----- STUDY MATERIAL -----

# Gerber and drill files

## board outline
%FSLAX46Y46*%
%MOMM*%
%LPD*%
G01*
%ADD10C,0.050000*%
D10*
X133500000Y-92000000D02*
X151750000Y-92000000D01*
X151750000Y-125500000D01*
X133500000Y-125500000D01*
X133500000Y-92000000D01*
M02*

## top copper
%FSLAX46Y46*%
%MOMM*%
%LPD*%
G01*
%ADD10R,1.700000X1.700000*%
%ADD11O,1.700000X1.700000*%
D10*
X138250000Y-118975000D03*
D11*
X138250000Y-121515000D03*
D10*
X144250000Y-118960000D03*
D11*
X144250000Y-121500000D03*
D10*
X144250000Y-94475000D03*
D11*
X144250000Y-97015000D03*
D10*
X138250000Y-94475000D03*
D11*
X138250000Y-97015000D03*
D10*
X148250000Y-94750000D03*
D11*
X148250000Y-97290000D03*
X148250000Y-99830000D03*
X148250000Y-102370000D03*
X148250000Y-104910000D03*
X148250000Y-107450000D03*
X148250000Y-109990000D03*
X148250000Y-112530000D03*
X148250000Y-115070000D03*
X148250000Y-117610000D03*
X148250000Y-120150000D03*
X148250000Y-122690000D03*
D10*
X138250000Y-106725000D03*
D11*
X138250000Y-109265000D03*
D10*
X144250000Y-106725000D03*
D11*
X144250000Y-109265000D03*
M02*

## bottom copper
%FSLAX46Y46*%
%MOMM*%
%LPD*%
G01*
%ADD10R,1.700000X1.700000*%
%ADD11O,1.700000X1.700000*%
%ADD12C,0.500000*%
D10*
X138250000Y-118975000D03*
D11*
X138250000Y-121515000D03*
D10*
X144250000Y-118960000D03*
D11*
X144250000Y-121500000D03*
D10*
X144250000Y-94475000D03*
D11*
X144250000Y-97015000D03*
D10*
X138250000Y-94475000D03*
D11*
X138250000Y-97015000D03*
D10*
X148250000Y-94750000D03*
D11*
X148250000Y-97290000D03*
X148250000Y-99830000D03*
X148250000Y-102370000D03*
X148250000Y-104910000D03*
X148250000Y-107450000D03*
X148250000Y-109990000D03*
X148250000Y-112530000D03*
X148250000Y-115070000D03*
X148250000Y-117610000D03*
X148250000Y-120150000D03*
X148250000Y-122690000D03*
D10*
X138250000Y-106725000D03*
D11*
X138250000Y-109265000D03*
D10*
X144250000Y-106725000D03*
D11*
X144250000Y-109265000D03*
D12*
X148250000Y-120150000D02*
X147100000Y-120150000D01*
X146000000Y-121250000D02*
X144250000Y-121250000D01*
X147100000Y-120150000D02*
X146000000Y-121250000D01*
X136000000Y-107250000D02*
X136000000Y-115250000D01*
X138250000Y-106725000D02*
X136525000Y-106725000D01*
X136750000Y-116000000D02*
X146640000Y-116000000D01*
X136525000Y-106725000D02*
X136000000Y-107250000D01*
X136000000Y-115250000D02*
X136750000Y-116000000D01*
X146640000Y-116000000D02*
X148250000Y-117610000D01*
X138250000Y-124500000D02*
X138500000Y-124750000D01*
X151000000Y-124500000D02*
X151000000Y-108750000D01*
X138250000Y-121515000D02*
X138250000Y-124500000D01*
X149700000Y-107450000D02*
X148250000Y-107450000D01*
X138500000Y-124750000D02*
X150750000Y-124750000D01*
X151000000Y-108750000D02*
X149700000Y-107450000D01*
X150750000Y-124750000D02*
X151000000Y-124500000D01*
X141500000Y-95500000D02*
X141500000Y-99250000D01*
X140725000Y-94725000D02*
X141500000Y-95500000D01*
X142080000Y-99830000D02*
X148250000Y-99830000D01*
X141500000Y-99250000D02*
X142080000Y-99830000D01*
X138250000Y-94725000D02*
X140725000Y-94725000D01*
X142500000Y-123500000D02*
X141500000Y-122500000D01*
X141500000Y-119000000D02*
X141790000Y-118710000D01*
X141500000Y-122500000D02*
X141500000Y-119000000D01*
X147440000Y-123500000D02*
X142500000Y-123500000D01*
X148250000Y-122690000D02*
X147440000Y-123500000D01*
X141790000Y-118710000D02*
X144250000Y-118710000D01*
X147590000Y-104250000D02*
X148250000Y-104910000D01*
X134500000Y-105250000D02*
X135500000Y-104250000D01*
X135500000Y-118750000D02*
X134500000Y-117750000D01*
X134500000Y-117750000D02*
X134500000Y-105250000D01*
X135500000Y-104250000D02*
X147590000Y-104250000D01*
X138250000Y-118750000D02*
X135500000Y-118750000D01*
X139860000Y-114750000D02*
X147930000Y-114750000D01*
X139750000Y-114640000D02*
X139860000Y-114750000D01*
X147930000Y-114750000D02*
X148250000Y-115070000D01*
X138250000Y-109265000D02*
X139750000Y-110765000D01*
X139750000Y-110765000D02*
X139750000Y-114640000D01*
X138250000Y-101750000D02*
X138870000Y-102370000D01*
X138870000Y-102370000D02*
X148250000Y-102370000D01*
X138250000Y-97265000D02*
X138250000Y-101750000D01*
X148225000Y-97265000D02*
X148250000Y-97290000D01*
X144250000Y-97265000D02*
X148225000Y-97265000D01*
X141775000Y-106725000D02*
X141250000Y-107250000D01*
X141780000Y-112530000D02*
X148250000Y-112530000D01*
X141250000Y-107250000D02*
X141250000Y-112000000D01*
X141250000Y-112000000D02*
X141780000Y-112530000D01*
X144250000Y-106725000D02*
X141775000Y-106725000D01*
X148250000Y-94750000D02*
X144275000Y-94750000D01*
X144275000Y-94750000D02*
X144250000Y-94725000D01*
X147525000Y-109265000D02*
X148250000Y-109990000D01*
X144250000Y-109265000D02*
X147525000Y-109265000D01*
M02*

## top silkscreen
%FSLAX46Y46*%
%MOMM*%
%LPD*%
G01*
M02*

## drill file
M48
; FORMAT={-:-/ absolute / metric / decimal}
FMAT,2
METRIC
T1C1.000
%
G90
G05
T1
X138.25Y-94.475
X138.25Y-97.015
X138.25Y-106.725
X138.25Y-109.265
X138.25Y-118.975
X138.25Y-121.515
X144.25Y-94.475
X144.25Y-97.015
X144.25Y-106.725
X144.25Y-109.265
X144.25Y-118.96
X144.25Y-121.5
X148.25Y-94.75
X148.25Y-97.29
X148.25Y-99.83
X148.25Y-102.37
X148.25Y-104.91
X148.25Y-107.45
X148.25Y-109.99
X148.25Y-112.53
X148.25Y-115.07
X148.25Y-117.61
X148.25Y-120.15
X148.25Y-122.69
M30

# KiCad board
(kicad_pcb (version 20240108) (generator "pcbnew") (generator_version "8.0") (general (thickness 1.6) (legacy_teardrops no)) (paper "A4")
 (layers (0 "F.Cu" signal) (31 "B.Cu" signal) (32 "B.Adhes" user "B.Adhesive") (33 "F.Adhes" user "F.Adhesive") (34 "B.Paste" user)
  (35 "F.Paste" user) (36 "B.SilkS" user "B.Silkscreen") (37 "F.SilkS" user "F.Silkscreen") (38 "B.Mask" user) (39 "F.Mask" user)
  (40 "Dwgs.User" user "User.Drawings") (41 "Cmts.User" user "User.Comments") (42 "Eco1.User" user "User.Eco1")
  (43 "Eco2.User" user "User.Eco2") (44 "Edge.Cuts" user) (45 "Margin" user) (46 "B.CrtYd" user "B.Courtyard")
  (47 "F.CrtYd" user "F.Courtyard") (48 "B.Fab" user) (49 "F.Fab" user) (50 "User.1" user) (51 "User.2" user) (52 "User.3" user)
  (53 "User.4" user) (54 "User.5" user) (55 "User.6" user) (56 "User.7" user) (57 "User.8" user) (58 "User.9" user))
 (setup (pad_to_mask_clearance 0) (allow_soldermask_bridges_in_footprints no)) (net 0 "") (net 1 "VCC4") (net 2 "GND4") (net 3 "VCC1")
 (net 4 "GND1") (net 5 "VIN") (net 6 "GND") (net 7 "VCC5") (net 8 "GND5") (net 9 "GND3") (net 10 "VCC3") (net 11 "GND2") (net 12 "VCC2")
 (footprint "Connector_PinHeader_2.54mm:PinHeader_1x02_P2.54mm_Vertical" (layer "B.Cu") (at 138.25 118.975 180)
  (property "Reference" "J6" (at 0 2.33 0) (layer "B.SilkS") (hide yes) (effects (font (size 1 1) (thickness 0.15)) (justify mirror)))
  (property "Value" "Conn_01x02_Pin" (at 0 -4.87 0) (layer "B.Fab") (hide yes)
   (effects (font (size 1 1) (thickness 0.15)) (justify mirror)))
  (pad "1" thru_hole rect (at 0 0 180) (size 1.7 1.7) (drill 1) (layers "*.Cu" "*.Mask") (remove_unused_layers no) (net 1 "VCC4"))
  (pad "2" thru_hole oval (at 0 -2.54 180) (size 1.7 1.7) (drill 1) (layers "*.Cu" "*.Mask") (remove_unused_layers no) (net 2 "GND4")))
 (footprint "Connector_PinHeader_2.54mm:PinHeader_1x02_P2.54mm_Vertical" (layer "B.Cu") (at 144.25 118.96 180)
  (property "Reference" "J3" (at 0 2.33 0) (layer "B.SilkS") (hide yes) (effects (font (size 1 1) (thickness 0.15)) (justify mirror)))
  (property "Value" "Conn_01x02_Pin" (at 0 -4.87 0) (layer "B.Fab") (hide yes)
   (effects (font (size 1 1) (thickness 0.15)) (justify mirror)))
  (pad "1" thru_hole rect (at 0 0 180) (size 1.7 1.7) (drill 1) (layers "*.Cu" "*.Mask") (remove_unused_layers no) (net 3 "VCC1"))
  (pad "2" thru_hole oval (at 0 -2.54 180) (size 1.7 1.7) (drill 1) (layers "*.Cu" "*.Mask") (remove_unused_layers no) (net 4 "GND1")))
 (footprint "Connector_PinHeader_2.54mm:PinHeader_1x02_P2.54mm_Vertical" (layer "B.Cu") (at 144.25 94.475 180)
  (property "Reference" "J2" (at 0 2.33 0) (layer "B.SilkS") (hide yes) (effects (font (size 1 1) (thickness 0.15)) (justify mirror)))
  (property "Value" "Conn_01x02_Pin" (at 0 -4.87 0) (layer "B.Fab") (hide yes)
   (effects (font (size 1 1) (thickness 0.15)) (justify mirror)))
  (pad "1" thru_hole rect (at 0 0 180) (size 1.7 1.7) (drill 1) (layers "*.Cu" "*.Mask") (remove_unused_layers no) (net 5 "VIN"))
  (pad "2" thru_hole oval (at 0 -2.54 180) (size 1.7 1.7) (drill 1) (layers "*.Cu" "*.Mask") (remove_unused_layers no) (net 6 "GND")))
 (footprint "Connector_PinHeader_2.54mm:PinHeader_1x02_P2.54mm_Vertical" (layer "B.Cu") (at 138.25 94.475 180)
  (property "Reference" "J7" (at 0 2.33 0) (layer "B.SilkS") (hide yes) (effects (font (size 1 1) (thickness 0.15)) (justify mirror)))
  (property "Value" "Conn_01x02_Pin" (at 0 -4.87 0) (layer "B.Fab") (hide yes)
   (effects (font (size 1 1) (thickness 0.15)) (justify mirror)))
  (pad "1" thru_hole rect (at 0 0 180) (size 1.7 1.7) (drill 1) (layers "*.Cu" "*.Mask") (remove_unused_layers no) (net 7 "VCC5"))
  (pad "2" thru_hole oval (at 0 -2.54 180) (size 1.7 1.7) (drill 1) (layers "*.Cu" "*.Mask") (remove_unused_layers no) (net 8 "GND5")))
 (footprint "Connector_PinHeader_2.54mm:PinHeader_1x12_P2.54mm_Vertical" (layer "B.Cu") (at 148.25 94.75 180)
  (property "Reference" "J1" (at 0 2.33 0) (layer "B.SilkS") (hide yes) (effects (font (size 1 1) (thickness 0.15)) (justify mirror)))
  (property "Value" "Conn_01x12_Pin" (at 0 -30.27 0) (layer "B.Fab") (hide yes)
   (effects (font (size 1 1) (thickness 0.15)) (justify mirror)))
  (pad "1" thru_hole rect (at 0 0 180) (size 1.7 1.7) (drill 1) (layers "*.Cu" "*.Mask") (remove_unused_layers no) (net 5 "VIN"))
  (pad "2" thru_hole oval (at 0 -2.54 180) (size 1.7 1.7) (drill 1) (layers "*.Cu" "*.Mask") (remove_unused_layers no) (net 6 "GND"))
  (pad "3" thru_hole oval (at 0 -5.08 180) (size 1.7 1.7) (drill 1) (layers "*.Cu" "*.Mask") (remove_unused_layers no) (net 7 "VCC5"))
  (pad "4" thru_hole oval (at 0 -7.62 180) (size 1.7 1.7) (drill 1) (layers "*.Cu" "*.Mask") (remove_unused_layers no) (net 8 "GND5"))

-----
----- STUDY MATERIAL -----

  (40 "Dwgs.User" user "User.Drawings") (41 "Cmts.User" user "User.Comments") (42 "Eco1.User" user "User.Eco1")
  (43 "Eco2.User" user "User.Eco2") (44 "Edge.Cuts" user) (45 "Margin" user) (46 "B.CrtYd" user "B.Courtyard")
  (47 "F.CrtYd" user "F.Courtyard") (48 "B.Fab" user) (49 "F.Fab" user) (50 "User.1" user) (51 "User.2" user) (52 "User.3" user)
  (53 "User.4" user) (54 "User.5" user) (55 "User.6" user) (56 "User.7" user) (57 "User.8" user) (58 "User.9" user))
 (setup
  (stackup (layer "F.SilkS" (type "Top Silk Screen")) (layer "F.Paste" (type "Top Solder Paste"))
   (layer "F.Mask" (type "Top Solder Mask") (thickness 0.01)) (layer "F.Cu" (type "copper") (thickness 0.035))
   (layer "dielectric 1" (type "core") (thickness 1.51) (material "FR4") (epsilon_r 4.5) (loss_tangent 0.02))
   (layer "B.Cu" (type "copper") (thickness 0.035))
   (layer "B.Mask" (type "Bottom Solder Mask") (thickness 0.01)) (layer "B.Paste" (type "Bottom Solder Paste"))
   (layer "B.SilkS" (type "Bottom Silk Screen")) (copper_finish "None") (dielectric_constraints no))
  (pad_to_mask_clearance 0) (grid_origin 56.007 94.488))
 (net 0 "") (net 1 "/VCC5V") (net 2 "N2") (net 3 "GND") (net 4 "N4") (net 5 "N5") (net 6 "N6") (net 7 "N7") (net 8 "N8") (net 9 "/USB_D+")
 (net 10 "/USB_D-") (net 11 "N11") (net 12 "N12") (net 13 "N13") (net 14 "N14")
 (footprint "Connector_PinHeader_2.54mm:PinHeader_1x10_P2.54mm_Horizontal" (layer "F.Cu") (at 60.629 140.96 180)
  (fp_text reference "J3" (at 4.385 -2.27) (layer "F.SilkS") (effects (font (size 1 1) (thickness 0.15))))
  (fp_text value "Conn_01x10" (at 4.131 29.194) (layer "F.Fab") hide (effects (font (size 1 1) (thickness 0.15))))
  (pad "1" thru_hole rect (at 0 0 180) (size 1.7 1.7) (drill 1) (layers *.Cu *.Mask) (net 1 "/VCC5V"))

-----
----- STUDY MATERIAL -----

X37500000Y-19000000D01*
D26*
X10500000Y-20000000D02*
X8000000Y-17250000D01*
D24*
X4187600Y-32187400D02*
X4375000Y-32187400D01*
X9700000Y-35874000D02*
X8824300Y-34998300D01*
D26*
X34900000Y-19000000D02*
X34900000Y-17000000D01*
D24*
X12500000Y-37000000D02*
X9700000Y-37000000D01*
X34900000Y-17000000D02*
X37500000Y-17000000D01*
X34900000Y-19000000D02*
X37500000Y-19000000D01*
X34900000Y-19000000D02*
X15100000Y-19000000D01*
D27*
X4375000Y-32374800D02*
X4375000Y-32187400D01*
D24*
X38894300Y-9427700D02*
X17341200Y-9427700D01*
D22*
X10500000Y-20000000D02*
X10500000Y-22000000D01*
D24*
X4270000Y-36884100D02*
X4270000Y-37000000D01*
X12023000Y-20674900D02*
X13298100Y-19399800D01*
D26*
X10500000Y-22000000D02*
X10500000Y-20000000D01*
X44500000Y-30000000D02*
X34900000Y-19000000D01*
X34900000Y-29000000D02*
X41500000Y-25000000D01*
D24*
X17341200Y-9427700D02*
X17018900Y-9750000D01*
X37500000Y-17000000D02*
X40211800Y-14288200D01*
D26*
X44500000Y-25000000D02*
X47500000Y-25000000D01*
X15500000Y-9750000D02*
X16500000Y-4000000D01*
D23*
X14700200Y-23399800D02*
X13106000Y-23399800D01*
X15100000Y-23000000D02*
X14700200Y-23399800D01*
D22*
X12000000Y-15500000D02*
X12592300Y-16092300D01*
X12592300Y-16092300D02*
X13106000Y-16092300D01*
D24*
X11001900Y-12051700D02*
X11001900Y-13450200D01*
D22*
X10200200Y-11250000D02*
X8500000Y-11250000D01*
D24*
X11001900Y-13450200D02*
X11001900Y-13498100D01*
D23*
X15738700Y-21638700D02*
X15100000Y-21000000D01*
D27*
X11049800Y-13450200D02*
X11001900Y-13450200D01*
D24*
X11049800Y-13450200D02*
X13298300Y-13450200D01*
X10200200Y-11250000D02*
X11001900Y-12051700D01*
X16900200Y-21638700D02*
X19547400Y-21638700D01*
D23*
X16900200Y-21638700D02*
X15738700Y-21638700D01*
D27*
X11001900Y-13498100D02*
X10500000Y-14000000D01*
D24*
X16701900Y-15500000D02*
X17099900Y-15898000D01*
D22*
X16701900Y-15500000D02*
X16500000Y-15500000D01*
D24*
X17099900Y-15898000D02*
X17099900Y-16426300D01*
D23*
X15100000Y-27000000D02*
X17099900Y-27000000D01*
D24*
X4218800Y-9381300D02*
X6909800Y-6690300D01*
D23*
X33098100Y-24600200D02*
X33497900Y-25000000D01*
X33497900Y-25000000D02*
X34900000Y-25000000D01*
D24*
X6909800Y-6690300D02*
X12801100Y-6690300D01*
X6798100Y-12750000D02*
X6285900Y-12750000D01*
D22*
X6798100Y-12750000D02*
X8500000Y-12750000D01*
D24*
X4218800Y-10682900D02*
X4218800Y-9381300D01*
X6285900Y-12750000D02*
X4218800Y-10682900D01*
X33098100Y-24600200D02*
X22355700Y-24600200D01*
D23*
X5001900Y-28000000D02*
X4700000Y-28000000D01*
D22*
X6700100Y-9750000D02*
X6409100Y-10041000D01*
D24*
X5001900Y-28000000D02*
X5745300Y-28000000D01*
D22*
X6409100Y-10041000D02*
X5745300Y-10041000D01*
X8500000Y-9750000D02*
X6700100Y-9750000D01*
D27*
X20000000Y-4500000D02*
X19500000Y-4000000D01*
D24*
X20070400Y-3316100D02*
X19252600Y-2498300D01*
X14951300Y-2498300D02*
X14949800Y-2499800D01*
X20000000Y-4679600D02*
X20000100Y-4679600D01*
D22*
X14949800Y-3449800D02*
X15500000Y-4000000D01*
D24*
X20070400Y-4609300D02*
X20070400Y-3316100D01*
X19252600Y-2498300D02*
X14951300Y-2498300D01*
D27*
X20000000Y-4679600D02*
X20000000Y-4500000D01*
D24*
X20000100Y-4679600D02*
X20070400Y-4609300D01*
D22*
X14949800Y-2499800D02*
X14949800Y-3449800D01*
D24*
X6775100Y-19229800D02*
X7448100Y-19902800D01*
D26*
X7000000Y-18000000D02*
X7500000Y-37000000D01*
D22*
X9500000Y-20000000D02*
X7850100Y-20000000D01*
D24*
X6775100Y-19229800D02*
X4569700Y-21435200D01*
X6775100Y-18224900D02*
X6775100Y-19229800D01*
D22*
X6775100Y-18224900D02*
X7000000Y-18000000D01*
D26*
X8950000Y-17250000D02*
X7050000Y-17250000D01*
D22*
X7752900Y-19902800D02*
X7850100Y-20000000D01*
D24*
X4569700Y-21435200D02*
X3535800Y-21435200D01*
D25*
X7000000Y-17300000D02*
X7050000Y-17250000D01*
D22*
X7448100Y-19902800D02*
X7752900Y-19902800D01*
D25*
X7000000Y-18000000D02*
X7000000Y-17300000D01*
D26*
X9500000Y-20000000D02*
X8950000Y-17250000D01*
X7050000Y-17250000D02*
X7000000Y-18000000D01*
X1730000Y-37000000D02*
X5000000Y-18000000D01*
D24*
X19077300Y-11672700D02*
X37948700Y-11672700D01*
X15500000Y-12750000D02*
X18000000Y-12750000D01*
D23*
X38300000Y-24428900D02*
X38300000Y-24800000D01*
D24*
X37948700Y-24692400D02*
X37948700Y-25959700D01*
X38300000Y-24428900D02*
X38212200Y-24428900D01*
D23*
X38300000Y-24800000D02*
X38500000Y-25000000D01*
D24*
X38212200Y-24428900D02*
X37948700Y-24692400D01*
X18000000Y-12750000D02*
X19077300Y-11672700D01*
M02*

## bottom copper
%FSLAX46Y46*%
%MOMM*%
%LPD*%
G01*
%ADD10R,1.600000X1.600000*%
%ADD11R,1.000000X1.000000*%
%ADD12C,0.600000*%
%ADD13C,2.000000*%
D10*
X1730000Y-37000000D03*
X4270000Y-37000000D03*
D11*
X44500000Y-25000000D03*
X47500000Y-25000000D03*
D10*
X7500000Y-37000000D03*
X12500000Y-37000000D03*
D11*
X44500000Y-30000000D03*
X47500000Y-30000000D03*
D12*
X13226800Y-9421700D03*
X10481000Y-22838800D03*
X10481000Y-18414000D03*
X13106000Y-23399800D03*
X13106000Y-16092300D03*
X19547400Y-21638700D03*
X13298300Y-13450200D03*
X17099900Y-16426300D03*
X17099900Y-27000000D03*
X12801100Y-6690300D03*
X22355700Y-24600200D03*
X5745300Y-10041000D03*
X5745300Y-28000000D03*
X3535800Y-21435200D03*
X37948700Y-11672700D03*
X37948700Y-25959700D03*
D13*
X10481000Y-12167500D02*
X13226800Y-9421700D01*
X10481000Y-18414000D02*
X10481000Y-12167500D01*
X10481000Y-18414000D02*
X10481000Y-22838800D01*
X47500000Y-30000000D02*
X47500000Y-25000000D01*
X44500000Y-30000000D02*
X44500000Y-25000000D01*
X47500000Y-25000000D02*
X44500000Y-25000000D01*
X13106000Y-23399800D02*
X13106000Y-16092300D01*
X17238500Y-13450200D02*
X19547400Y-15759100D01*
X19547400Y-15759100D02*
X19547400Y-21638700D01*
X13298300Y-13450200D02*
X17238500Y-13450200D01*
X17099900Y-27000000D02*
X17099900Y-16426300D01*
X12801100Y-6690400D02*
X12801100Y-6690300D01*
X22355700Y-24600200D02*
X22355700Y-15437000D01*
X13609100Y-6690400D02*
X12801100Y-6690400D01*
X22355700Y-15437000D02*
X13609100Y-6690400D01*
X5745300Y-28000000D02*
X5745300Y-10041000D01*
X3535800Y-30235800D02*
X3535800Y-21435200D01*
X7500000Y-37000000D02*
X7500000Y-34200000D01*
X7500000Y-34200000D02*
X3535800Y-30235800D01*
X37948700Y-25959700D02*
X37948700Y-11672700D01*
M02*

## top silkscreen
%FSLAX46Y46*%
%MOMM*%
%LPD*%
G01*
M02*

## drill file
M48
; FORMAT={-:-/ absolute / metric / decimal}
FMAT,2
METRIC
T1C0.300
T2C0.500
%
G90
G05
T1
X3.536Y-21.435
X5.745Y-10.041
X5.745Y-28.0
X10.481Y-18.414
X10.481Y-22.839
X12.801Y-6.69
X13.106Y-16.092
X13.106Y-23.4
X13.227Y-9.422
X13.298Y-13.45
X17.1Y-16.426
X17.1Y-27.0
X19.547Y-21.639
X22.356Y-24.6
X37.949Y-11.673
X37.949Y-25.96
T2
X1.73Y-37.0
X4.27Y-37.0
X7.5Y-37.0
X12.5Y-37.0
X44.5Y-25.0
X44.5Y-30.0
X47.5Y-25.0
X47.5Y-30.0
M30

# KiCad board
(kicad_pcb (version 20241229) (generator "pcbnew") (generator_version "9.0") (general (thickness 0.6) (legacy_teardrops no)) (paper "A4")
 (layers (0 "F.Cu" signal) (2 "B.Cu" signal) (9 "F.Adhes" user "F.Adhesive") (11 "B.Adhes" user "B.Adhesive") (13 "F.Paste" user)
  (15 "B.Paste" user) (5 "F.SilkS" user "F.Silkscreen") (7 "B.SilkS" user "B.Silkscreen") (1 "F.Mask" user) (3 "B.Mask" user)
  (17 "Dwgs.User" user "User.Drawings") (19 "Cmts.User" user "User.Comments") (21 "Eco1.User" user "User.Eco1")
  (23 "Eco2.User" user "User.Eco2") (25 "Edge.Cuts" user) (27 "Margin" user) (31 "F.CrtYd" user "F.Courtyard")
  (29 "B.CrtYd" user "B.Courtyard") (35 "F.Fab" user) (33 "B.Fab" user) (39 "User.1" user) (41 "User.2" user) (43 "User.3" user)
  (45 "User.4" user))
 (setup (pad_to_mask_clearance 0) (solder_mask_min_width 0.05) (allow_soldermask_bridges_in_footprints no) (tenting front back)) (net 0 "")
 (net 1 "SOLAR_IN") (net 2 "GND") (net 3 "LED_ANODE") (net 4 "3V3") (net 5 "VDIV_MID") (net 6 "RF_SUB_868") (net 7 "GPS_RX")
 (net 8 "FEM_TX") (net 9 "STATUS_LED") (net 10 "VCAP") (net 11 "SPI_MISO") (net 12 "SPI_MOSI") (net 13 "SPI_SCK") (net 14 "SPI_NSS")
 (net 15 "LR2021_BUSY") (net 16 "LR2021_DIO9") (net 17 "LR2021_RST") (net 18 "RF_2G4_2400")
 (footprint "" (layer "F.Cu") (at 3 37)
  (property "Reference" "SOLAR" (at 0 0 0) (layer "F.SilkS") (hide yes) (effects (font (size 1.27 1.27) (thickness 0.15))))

-----

From the listing above, return each line with the word "Adhes".

 (layers (0 "F.Cu" signal) (31 "B.Cu" signal) (32 "B.Adhes" user "B.Adhesive") (33 "F.Adhes" user "F.Adhesive") (34 "B.Paste" user)
 (layers (0 "F.Cu" signal) (2 "B.Cu" signal) (9 "F.Adhes" user "F.Adhesive") (11 "B.Adhes" user "B.Adhesive") (13 "F.Paste" user)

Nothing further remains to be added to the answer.